As a member of the Baker Hughes’ CIO office Melissa is responsibility

for the Discovery and Exploration phases of the IT organization’s

Approach to Value Delivery process. In this role, Melissa is transforming

the existing front end IT processes to the next level of performance by

creating a framework for strategic innovation. This framework will provide

the IT organization with innovation processes, methodologies, technologies, training,

and coaching to drive a step change in the solutions and value delivered to Baker

Hughes customers and Baker Hughes enterprise. In addition, Melissa leads a robust

Organizational Effectiveness (OE) program that measures and improves the

effectiveness of IT’s culture, processes, and systems with Lean Six Sigma (LSS),

Business Process Management (BPM), and Program Management (PM)

methodologies.

Melissa has been with Baker Hughes for two years, most recently as the director of the

Baker Hughes Operating System (BHOS). In this role she designed and initiated the

BPE program for Baker Hughes and successfully ensured the global rollout of the

BHOS portal, Baker Hughes’ first instance of BPM.

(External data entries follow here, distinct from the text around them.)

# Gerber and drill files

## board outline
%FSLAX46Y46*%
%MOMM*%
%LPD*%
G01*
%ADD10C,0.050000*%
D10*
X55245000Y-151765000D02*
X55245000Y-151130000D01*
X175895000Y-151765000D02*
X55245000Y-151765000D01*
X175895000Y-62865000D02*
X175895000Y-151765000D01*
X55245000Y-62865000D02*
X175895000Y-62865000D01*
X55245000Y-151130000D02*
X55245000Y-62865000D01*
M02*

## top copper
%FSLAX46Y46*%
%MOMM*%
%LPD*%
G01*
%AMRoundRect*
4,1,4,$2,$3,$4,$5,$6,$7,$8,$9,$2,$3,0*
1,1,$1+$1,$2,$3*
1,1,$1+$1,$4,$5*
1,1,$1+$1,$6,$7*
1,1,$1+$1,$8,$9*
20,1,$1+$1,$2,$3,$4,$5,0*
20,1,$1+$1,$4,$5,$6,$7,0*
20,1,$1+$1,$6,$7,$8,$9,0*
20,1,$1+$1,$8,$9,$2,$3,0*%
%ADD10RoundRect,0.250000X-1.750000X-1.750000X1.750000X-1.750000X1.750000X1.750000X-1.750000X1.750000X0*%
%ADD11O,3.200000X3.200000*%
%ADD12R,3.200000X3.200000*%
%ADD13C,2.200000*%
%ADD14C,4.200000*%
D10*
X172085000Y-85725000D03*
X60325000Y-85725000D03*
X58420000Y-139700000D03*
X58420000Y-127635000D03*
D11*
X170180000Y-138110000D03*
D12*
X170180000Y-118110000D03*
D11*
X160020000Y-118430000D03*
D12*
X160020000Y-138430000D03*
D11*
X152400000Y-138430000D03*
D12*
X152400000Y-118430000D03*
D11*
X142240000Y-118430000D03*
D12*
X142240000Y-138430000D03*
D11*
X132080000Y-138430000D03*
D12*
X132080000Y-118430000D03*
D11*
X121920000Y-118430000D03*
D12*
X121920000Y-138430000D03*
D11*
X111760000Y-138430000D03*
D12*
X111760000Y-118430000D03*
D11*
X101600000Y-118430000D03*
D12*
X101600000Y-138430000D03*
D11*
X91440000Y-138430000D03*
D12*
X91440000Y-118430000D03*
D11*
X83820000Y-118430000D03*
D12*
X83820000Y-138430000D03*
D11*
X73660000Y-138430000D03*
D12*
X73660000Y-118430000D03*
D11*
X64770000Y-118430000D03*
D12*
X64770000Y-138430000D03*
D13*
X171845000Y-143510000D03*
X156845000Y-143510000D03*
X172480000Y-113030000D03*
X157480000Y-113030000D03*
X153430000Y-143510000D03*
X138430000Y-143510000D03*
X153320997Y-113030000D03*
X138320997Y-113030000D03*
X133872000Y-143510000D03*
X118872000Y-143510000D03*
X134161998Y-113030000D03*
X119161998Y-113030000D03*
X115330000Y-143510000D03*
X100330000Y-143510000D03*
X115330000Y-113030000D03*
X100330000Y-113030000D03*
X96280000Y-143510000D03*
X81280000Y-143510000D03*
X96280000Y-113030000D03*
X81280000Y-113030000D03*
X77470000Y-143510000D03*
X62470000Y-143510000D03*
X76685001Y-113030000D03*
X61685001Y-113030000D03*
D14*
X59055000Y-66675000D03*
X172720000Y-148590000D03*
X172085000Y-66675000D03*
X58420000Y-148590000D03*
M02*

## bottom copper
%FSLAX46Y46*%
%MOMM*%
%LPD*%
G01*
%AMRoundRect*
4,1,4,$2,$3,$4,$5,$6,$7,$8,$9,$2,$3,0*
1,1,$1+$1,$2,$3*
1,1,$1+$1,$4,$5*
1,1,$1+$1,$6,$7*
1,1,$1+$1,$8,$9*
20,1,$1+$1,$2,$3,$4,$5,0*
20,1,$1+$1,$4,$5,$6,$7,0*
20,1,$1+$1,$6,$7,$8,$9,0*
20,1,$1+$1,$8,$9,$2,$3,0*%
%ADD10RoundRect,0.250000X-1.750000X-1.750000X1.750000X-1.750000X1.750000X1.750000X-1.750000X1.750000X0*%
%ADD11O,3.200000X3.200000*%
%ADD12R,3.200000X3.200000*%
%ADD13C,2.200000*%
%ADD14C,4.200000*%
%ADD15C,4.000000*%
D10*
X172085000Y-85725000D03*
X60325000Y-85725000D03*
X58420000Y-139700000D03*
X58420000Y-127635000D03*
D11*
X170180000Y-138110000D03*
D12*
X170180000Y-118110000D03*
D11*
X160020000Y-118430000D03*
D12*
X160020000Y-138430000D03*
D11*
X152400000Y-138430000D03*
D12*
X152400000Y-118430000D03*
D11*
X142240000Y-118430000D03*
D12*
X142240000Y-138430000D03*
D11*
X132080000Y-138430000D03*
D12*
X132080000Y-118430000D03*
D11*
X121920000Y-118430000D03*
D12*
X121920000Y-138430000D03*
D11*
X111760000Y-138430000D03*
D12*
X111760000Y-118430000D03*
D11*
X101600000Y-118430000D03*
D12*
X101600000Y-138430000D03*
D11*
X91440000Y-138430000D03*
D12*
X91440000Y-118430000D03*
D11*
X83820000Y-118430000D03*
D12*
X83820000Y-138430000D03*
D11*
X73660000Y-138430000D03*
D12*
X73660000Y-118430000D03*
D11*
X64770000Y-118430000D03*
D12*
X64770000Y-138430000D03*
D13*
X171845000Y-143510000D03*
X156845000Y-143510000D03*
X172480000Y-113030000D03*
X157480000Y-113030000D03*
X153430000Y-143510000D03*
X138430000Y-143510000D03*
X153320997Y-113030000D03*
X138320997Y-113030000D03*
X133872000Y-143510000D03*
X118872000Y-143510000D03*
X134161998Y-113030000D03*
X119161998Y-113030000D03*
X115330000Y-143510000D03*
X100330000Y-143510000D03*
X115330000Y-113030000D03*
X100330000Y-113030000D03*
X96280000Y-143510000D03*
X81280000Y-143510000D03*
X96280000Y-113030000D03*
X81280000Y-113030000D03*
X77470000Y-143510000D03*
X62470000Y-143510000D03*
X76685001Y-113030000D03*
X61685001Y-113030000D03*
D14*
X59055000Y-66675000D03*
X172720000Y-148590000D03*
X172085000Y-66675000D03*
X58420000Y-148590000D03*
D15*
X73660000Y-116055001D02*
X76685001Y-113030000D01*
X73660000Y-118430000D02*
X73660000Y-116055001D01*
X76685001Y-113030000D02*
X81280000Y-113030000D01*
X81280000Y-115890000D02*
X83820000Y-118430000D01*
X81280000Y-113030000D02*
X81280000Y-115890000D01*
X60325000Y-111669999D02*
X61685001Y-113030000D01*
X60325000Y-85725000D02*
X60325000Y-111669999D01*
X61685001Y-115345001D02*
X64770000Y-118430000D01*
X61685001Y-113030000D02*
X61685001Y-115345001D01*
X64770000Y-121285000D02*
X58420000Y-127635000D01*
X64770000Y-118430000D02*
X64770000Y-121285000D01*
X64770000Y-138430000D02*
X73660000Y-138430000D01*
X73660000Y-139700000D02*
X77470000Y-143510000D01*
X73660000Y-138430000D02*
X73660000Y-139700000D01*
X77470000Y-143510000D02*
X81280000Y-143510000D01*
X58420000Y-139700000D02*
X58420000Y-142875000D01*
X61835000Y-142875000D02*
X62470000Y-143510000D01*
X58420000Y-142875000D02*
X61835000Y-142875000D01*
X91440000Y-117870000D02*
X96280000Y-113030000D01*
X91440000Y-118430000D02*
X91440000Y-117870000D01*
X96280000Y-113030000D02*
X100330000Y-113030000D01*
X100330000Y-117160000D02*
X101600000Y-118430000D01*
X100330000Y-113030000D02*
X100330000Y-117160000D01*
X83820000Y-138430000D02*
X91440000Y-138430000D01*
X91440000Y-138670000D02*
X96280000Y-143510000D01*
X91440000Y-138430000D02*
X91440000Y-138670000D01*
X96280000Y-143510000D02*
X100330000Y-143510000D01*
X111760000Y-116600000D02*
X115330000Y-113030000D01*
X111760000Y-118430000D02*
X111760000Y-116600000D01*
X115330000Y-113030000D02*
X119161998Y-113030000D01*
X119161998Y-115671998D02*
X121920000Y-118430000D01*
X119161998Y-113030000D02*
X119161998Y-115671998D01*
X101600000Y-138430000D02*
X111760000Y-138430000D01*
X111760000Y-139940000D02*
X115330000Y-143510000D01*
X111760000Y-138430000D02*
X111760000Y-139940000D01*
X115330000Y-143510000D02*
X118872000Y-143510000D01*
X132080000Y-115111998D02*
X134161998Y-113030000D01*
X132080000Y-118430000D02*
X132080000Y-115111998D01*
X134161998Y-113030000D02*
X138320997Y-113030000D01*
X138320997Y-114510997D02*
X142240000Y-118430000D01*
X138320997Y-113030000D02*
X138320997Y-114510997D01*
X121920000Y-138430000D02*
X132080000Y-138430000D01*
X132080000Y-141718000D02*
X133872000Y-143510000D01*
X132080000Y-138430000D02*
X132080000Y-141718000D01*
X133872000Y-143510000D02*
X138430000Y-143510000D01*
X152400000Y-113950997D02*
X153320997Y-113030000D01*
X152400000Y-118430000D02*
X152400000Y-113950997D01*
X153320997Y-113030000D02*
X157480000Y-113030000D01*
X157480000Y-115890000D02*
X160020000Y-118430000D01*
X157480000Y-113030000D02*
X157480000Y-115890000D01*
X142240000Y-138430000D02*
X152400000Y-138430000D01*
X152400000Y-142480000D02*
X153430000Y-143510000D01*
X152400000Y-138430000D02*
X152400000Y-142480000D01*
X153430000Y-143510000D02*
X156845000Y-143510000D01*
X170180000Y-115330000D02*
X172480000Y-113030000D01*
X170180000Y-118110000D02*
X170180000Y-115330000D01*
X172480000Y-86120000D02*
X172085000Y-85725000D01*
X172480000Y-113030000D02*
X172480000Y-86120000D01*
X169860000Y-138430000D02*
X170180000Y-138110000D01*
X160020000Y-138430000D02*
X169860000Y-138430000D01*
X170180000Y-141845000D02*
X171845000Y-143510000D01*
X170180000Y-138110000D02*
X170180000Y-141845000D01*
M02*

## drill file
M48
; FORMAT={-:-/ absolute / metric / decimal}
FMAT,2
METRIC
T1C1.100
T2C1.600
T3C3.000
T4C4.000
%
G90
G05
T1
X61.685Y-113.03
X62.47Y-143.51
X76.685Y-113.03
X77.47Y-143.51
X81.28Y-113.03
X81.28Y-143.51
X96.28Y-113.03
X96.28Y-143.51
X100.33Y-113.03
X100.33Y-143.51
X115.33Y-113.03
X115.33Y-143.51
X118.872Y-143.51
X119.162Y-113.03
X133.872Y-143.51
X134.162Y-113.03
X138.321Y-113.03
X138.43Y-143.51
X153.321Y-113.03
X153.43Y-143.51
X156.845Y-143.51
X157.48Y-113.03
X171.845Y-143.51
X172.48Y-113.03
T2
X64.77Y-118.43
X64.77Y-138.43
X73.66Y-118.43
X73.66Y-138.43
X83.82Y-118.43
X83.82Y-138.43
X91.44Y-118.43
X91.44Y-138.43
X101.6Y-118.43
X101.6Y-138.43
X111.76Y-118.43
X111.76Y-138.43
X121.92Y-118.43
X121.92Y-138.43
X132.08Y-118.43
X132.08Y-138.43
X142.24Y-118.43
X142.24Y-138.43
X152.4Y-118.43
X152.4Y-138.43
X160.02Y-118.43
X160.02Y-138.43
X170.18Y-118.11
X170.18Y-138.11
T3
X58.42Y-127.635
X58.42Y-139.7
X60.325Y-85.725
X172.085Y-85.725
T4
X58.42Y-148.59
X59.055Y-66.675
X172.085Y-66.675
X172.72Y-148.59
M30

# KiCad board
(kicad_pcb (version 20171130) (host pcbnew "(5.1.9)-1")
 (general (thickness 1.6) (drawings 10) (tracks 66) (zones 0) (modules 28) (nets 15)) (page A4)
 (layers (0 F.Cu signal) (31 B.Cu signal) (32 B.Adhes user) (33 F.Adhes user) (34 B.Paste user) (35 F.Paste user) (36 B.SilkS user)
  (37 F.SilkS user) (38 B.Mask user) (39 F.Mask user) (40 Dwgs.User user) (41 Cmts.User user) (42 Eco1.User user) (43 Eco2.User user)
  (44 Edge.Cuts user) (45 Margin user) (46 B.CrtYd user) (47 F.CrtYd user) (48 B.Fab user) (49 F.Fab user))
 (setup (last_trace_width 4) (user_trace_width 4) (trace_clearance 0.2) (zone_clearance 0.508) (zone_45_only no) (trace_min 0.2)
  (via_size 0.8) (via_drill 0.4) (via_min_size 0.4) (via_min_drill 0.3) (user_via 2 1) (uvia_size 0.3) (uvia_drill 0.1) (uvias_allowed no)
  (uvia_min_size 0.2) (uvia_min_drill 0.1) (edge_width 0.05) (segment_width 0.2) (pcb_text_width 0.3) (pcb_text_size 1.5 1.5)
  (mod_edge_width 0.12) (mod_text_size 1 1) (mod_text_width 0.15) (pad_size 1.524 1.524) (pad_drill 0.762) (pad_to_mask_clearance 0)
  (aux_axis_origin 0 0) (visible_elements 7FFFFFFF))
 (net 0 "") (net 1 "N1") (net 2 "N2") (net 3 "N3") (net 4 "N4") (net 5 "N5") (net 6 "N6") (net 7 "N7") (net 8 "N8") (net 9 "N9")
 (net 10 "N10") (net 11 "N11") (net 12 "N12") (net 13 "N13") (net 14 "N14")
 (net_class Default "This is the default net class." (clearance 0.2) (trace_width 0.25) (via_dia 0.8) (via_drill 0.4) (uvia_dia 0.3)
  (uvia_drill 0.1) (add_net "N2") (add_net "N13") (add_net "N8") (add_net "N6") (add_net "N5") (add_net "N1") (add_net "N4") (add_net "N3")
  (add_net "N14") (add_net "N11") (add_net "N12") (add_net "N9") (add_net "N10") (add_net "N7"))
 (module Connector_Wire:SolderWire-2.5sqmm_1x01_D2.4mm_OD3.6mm (layer F.Cu) (at 172.085 85.725)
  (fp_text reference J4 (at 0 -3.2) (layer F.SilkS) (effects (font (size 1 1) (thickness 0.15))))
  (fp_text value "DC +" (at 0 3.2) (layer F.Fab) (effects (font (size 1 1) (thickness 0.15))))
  (pad 1 thru_hole roundrect (at 0 0) (size 4 4) (drill 3) (layers *.Cu *.Mask) (roundrect_rratio 0.0625) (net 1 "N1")))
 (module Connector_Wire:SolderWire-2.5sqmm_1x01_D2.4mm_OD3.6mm (layer F.Cu) (at 60.325 85.725)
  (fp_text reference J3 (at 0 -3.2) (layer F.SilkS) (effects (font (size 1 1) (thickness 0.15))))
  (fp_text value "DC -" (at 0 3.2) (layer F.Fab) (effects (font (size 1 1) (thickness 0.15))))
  (pad 1 thru_hole roundrect (at 0 0) (size 4 4) (drill 3) (layers *.Cu *.Mask) (roundrect_rratio 0.0625) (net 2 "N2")))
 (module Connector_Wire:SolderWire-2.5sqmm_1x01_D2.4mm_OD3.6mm (layer F.Cu) (at 58.42 139.7)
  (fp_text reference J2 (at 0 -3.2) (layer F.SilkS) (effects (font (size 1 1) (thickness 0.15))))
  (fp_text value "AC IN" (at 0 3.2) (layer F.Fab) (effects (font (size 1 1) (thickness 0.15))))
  (pad 1 thru_hole roundrect (at 0 0) (size 4 4) (drill 3) (layers *.Cu *.Mask) (roundrect_rratio 0.0625) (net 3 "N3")))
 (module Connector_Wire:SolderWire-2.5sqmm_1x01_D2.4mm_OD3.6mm (layer F.Cu) (at 58.42 127.635)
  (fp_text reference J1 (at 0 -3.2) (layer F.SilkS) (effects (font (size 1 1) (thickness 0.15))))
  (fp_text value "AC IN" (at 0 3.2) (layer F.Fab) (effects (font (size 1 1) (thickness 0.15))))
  (pad 1 thru_hole roundrect (at 0 0) (size 4 4) (drill 3) (layers *.Cu *.Mask) (roundrect_rratio 0.0625) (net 2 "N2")))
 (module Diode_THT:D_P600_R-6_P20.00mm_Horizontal (layer F.Cu) (at 170.18 118.11 270)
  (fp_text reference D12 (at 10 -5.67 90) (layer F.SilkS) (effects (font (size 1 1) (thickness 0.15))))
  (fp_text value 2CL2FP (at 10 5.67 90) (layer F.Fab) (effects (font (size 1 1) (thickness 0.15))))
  (pad 2 thru_hole oval (at 20 0 270) (size 3.2 3.2) (drill 1.6) (layers *.Cu *.Mask) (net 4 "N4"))
  (pad 1 thru_hole rect (at 0 0 270) (size 3.2 3.2) (drill 1.6) (layers *.Cu *.Mask) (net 1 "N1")))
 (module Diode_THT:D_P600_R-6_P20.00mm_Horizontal (layer F.Cu) (at 160.02 138.43 90)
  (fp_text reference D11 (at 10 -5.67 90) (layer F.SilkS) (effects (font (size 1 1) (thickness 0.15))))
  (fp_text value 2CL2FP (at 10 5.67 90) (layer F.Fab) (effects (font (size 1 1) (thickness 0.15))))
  (pad 2 thru_hole oval (at 20 0 90) (size 3.2 3.2) (drill 1.6) (layers *.Cu *.Mask) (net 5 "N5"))
  (pad 1 thru_hole rect (at 0 0 90) (size 3.2 3.2) (drill 1.6) (layers *.Cu *.Mask) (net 4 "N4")))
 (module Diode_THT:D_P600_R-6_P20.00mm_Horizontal (layer F.Cu) (at 152.4 118.43 270)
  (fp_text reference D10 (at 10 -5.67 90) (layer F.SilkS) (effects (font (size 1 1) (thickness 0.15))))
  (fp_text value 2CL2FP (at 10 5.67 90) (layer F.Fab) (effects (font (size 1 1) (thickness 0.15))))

Melissa has over 15 years of engineering, quality, and leadership experience with

various commercial and U.S. Department of Defense companies, as well as experience

as a Mathematics professor. She earned a Bachelor of Science degree in Aerospace

Engineering and Master’s Degree in Management from Embry Riddle Aeronautical

University where she graduated with honors. In addition, Melissa holds a LSS Master

Black Belt (MBB) certificate from General Electric Aviation where she was previously

employed as a MBB for New Product Development.